Each line holding the word "Paste" must appear in the answer, copied from the entries.

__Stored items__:
=== Section Start ===

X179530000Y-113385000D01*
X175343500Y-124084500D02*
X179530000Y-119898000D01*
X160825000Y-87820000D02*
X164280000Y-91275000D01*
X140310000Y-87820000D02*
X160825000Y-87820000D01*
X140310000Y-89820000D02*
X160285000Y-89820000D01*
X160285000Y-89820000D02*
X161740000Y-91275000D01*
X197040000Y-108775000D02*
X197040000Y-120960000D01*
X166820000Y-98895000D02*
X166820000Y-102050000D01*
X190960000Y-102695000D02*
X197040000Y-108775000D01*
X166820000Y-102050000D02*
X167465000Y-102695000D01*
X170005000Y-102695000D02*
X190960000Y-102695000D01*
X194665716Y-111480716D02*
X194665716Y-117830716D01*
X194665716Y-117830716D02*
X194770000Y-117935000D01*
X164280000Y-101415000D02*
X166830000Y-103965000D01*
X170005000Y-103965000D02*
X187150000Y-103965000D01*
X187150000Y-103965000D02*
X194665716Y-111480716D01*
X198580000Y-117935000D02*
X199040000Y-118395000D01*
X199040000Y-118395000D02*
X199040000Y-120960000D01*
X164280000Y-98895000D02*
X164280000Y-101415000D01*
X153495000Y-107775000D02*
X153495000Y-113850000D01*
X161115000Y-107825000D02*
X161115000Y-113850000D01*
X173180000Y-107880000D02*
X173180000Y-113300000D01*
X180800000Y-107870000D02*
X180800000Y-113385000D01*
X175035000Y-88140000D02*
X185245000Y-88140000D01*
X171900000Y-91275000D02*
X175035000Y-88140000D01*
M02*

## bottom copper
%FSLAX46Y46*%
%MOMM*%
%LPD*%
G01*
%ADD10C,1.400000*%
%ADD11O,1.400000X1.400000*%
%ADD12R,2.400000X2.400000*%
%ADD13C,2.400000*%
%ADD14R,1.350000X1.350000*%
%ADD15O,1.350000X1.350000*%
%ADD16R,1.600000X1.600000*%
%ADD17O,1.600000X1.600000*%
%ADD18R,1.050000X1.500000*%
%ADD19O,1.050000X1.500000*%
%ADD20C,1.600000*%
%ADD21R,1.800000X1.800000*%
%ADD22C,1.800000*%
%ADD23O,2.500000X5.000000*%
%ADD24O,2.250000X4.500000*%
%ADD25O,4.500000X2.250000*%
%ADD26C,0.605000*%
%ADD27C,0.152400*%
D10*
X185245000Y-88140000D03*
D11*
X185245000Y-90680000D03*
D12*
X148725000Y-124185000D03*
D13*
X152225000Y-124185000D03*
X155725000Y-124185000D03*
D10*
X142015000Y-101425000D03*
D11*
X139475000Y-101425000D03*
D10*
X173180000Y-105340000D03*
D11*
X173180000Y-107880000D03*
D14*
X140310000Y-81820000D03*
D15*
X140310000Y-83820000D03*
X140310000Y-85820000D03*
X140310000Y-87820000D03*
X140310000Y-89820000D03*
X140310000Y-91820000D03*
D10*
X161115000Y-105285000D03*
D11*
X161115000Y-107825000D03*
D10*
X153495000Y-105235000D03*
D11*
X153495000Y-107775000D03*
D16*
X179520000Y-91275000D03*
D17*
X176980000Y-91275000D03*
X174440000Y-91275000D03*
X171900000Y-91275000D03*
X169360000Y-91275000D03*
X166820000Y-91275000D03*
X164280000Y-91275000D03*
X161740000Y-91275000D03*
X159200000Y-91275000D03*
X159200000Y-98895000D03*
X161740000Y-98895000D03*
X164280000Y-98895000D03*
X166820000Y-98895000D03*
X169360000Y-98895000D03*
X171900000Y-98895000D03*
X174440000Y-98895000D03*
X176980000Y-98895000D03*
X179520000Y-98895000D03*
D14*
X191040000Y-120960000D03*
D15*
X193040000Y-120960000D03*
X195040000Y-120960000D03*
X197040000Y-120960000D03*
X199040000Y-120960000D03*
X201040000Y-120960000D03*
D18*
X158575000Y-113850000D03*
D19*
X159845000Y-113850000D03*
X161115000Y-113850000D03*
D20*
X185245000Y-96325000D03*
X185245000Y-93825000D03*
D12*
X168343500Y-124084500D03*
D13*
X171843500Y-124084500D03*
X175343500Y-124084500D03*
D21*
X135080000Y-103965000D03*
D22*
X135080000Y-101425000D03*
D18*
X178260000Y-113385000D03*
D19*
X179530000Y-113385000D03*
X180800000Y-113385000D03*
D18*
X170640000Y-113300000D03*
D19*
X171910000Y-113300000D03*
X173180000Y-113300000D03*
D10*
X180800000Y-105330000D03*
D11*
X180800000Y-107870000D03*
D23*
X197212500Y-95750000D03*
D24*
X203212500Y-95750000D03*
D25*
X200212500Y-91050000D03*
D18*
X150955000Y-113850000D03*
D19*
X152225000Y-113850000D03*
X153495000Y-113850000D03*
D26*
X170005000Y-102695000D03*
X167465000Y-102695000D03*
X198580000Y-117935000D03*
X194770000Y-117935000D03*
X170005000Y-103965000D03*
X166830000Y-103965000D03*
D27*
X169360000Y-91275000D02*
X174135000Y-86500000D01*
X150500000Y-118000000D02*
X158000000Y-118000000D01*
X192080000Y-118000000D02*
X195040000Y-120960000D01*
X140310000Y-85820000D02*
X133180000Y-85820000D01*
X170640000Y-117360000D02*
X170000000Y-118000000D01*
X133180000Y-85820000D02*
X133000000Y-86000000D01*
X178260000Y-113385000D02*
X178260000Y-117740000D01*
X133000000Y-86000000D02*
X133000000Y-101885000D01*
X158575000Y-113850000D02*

=== Section End ===
=== Section Start ===

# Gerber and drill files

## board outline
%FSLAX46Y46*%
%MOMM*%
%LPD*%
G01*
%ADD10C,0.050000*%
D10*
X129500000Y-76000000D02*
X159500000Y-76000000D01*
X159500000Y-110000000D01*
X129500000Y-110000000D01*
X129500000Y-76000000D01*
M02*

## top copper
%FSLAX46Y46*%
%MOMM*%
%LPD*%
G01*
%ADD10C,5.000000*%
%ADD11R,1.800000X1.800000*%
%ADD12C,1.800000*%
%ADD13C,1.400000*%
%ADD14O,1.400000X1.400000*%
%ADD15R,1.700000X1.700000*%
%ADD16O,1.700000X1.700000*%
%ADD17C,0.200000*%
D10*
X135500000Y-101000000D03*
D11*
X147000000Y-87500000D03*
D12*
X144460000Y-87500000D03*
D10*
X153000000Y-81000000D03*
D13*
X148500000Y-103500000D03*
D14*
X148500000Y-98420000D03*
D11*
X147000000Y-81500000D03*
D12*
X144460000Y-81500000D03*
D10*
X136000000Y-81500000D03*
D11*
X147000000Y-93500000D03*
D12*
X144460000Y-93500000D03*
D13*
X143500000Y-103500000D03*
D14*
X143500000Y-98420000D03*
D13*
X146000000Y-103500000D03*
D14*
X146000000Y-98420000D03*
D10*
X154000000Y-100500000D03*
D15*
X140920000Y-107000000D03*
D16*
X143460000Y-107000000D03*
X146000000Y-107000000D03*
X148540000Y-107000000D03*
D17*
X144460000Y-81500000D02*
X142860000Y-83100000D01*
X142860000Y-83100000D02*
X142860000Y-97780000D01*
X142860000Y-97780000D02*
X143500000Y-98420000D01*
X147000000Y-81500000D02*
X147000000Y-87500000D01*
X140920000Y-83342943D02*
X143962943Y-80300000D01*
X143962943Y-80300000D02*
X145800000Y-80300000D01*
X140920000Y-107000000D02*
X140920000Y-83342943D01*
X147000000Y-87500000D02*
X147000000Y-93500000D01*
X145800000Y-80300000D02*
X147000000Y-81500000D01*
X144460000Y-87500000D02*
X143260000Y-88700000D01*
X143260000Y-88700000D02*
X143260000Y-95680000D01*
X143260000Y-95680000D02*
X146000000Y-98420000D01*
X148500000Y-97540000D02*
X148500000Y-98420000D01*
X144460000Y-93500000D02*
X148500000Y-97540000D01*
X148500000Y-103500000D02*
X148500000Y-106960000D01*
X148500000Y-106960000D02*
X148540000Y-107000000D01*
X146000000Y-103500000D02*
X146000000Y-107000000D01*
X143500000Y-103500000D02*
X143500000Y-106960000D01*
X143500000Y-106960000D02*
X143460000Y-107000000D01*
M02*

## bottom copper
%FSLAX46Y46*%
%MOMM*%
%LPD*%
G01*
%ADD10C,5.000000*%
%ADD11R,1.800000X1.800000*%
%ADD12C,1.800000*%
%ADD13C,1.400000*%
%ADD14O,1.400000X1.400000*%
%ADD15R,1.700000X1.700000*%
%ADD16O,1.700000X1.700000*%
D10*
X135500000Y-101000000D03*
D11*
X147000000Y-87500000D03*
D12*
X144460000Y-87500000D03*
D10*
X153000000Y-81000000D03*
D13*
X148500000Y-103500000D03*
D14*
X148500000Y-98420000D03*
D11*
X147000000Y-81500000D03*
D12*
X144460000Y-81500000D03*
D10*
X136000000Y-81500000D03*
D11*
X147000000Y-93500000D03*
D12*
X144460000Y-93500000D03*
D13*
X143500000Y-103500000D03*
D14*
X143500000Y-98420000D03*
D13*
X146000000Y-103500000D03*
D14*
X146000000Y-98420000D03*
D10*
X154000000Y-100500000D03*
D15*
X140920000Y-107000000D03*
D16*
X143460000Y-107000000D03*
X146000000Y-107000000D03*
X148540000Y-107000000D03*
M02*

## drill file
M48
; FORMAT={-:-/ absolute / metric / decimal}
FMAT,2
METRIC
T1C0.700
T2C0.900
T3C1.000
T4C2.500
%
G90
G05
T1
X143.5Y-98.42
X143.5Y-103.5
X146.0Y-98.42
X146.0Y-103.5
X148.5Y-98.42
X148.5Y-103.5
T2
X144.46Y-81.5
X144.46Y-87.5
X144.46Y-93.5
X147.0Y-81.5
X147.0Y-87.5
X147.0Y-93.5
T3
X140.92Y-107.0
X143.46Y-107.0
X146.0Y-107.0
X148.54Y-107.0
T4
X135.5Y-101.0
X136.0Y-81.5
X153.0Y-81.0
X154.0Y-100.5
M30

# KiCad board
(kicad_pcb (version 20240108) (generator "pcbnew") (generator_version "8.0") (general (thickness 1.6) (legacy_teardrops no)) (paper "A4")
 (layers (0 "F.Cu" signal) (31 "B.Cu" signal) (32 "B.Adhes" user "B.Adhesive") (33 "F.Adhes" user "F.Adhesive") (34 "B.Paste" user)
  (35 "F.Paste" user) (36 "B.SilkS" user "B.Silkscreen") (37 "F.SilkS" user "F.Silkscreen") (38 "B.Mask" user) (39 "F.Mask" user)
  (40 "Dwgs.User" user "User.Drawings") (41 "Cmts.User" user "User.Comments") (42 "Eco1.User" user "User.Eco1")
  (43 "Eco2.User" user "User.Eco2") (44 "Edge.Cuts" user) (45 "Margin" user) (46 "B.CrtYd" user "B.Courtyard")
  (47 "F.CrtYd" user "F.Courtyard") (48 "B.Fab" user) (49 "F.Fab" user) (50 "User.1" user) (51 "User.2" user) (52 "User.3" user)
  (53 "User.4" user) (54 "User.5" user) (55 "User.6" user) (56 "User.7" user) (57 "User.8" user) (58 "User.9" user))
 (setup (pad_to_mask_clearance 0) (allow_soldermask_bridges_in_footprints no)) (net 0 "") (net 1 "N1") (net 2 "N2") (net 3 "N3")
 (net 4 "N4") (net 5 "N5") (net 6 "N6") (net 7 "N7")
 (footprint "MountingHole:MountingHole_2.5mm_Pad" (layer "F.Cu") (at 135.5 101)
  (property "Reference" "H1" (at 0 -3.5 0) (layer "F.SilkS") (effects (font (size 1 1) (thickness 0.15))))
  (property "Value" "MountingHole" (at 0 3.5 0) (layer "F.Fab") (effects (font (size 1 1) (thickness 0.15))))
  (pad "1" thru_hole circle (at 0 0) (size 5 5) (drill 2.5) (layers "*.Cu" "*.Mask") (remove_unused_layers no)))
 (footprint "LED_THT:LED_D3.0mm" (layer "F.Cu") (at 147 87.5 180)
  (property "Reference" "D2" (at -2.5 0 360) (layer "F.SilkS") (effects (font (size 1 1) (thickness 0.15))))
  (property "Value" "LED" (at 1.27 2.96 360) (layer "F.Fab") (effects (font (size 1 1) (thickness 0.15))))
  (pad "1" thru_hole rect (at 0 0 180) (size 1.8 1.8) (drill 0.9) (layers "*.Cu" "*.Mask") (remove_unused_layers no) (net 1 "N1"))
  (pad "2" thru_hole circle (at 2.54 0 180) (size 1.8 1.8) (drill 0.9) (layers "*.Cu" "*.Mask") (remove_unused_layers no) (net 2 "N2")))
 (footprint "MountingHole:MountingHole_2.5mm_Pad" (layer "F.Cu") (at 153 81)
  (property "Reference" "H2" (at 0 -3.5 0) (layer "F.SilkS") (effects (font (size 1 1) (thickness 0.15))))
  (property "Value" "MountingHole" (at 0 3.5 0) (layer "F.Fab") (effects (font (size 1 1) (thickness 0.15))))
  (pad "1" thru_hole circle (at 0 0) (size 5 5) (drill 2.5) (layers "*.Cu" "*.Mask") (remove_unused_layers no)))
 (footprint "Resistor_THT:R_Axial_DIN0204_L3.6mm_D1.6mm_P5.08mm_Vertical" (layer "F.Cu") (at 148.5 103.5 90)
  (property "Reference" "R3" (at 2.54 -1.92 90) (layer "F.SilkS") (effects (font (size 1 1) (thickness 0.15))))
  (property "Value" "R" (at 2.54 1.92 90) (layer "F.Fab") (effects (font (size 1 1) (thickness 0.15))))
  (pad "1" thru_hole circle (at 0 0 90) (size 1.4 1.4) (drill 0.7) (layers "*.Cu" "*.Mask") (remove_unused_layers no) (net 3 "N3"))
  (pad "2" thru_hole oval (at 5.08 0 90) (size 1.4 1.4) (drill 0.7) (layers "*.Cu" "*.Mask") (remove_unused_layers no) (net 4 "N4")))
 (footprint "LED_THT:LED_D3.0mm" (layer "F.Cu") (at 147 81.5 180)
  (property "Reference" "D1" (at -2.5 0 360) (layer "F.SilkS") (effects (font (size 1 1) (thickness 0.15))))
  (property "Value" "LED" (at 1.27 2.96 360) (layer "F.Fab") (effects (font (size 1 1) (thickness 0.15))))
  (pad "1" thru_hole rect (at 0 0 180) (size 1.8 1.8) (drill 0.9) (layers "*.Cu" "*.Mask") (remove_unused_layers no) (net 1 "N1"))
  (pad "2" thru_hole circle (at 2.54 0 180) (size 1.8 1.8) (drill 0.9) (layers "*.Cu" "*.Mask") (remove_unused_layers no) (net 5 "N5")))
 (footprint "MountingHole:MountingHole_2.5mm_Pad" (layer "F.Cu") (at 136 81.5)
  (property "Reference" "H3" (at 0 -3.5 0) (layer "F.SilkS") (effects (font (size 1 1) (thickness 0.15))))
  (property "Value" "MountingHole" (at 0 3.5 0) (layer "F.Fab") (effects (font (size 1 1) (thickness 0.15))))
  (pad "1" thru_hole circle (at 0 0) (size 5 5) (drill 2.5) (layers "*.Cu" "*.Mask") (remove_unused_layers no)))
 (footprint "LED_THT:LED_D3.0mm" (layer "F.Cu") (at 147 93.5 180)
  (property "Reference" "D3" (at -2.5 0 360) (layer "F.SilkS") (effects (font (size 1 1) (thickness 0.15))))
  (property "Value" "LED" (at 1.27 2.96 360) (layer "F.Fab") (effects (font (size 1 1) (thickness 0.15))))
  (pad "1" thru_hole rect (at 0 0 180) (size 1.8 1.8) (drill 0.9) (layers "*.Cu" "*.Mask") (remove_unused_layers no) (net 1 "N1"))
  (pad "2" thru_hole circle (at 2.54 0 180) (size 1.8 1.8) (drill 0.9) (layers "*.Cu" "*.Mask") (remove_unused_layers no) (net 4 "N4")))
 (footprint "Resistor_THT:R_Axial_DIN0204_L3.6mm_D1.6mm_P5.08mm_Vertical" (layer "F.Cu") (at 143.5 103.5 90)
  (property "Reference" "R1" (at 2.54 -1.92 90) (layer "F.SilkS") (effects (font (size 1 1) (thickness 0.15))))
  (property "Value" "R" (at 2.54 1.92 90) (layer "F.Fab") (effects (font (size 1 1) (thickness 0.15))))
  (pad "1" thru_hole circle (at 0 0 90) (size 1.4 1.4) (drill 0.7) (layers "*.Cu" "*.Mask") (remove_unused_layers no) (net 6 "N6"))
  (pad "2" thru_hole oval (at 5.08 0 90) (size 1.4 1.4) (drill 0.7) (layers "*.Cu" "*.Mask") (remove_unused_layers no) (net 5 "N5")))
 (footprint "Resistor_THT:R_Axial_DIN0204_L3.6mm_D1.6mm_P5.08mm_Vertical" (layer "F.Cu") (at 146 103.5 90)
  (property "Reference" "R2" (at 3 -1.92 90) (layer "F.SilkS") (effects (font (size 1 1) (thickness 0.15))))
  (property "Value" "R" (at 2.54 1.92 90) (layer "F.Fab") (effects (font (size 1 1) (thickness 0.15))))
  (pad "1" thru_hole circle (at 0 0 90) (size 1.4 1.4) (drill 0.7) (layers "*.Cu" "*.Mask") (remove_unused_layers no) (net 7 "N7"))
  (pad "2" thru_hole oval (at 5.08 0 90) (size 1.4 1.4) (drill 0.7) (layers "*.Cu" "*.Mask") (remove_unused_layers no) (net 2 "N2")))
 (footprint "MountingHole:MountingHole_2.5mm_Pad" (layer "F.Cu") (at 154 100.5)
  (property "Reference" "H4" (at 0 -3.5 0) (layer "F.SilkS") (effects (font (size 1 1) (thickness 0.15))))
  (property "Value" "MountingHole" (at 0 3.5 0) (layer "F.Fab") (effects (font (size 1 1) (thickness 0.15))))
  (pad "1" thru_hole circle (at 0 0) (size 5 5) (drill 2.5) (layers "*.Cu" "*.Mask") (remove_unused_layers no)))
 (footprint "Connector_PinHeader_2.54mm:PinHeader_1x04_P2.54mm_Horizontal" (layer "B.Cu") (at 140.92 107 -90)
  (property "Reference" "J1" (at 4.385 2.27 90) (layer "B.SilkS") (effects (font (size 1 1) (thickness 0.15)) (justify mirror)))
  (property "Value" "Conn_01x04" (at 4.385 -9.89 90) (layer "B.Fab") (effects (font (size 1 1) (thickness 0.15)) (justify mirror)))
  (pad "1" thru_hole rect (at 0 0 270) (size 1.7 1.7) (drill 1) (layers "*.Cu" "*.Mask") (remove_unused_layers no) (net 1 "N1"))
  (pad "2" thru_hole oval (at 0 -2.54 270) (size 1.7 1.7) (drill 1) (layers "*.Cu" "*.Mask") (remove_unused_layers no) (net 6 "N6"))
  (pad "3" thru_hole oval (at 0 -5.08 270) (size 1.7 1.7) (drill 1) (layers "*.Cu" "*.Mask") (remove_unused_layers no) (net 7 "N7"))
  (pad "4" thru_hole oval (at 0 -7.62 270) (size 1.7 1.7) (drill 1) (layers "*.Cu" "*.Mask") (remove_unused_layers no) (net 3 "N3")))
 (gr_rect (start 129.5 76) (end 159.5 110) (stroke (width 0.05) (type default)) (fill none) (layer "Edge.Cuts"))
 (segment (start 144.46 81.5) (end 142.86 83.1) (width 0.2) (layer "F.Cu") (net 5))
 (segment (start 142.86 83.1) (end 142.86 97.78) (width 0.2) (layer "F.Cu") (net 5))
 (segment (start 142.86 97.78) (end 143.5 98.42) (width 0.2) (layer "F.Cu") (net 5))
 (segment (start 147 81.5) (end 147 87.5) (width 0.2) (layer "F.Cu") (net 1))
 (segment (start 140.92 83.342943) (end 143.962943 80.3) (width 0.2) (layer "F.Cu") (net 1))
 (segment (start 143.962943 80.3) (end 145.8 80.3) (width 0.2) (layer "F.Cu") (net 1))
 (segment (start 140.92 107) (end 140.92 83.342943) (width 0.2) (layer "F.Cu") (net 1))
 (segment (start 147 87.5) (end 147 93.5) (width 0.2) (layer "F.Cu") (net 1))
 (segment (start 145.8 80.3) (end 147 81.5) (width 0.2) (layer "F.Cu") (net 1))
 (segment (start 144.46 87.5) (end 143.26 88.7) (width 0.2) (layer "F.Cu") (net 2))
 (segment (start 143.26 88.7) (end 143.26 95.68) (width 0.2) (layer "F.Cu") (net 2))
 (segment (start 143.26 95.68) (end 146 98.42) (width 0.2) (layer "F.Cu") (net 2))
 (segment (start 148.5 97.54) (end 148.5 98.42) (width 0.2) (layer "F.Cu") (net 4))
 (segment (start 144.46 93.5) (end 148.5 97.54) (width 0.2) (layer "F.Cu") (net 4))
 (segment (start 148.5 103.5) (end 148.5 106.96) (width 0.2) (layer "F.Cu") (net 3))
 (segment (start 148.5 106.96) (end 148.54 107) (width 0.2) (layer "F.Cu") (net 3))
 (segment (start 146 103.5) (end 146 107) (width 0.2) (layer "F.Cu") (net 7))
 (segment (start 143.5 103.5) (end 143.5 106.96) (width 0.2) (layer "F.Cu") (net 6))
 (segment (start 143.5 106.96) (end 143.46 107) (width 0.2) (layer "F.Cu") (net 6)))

=== Section End ===

__Written reply__:
 (layers (0 "F.Cu" signal) (31 "B.Cu" signal) (32 "B.Adhes" user "B.Adhesive") (33 "F.Adhes" user "F.Adhesive") (34 "B.Paste" user)
  (35 "F.Paste" user) (36 "B.SilkS" user "B.Silkscreen") (37 "F.SilkS" user "F.Silkscreen") (38 "B.Mask" user) (39 "F.Mask" user)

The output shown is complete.